» Exercise goal:
Lines before the one containing "(at 182.5 85)" are to be left out; reproduce that line and all the rest of the entries exactly.

:: Supplied material ::

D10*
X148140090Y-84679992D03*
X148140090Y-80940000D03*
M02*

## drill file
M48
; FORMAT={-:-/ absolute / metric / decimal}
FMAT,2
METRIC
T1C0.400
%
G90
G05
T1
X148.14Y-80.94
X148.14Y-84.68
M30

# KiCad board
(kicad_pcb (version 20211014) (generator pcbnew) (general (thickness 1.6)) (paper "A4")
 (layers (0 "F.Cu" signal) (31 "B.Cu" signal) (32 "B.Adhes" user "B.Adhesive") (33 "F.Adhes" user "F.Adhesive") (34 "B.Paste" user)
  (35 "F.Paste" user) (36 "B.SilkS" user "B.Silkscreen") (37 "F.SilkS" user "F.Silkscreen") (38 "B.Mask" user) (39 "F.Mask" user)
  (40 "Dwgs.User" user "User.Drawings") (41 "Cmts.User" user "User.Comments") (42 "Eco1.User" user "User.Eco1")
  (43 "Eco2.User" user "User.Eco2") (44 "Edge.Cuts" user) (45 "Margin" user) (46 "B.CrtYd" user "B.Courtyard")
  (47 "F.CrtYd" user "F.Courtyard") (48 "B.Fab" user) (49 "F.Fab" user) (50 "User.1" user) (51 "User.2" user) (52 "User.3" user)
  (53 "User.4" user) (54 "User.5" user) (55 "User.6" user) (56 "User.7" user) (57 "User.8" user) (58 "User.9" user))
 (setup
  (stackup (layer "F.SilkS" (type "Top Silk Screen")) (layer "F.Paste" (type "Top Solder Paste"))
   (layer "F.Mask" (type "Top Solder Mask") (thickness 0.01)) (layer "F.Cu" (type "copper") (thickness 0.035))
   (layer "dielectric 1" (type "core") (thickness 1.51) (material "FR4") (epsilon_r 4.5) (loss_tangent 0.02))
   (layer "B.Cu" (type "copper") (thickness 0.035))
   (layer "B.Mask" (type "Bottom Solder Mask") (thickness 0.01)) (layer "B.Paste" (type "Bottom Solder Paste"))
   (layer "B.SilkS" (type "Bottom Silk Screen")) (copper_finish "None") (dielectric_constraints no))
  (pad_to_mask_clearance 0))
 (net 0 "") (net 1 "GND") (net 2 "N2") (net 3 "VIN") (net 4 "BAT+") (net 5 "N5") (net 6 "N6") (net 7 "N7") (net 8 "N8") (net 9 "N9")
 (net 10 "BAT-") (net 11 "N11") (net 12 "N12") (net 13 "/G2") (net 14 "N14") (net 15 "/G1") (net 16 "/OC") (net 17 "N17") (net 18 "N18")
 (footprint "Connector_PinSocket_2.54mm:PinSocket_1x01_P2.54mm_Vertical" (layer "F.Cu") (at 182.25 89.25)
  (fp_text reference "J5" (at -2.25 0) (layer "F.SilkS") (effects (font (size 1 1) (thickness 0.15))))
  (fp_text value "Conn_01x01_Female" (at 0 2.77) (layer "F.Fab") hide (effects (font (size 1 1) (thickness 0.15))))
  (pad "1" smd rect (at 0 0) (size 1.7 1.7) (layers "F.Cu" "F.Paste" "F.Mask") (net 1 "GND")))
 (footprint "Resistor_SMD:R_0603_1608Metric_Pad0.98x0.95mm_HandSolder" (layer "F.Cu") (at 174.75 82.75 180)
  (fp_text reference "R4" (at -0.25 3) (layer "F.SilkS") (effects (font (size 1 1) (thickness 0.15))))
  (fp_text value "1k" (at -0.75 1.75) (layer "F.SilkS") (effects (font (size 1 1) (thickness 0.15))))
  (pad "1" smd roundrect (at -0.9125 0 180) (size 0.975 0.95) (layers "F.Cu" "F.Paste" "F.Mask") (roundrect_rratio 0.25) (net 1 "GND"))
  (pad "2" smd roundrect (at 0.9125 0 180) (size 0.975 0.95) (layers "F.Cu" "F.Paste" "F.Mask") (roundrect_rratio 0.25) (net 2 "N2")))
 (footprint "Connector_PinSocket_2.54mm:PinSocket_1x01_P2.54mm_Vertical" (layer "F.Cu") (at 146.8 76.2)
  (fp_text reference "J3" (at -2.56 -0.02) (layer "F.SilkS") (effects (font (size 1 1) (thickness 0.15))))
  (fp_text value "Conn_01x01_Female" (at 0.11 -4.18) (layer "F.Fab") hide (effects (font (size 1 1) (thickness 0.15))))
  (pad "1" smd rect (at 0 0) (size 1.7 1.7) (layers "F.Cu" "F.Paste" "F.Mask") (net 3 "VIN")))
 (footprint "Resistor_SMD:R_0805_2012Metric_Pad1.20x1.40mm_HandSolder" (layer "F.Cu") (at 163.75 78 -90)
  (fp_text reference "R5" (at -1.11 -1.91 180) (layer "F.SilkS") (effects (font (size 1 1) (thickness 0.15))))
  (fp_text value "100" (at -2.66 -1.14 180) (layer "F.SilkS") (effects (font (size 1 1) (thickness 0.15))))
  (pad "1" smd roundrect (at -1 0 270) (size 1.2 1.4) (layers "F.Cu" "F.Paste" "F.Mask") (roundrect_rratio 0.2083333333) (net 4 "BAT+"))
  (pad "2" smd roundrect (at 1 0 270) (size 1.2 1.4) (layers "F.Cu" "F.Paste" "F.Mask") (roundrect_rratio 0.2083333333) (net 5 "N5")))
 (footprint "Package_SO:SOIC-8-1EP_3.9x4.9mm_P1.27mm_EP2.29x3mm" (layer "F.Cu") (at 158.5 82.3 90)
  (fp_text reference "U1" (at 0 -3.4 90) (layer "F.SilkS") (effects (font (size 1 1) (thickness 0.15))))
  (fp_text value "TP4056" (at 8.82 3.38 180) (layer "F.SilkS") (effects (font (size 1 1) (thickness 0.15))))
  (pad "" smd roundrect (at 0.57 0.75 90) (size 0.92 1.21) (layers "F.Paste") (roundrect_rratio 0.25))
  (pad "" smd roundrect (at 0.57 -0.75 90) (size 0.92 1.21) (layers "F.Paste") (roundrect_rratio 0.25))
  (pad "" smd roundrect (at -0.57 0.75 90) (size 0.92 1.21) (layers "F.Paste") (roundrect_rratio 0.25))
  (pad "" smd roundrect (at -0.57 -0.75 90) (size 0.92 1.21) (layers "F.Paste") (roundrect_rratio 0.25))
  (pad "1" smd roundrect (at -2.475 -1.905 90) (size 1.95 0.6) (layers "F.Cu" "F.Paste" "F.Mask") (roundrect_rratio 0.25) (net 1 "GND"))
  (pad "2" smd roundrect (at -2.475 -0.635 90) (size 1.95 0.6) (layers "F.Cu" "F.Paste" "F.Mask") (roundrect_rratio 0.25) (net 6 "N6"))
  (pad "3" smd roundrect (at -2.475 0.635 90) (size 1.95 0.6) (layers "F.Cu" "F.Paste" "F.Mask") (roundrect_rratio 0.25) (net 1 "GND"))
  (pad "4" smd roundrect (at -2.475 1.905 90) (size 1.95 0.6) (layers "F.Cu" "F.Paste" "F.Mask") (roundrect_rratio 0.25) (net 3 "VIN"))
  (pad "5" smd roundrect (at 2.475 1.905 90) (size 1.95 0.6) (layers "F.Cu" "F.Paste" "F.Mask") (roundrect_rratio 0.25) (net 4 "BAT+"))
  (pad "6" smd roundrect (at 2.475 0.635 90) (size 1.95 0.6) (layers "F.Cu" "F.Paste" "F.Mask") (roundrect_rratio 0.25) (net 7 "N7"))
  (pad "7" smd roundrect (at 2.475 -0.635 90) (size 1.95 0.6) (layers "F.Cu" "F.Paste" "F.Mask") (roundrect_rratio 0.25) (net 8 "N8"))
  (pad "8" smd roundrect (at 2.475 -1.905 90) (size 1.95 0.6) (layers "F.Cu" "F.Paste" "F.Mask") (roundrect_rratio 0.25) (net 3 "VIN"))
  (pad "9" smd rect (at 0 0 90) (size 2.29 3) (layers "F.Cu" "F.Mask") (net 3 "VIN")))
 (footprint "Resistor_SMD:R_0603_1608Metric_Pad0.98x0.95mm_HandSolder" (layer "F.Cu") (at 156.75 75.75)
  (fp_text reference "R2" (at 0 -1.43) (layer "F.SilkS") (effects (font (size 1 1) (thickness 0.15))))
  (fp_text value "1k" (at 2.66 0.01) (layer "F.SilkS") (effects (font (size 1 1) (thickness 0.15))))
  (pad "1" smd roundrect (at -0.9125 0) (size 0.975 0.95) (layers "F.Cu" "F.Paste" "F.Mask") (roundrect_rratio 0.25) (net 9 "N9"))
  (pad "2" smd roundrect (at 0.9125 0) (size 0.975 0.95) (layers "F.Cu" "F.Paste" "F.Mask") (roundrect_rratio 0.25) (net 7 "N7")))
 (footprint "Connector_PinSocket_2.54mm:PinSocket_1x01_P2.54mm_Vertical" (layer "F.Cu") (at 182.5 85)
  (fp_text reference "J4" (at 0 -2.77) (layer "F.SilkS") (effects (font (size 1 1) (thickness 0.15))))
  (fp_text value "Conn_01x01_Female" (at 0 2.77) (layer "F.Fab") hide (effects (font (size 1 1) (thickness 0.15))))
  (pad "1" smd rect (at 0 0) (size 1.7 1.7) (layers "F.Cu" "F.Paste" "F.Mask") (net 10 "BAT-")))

:::

» Written answer:
 (footprint "Connector_PinSocket_2.54mm:PinSocket_1x01_P2.54mm_Vertical" (layer "F.Cu") (at 182.5 85)
  (fp_text reference "J4" (at 0 -2.77) (layer "F.SilkS") (effects (font (size 1 1) (thickness 0.15))))
  (fp_text value "Conn_01x01_Female" (at 0 2.77) (layer "F.Fab") hide (effects (font (size 1 1) (thickness 0.15))))
  (pad "1" smd rect (at 0 0) (size 1.7 1.7) (layers "F.Cu" "F.Paste" "F.Mask") (net 10 "BAT-")))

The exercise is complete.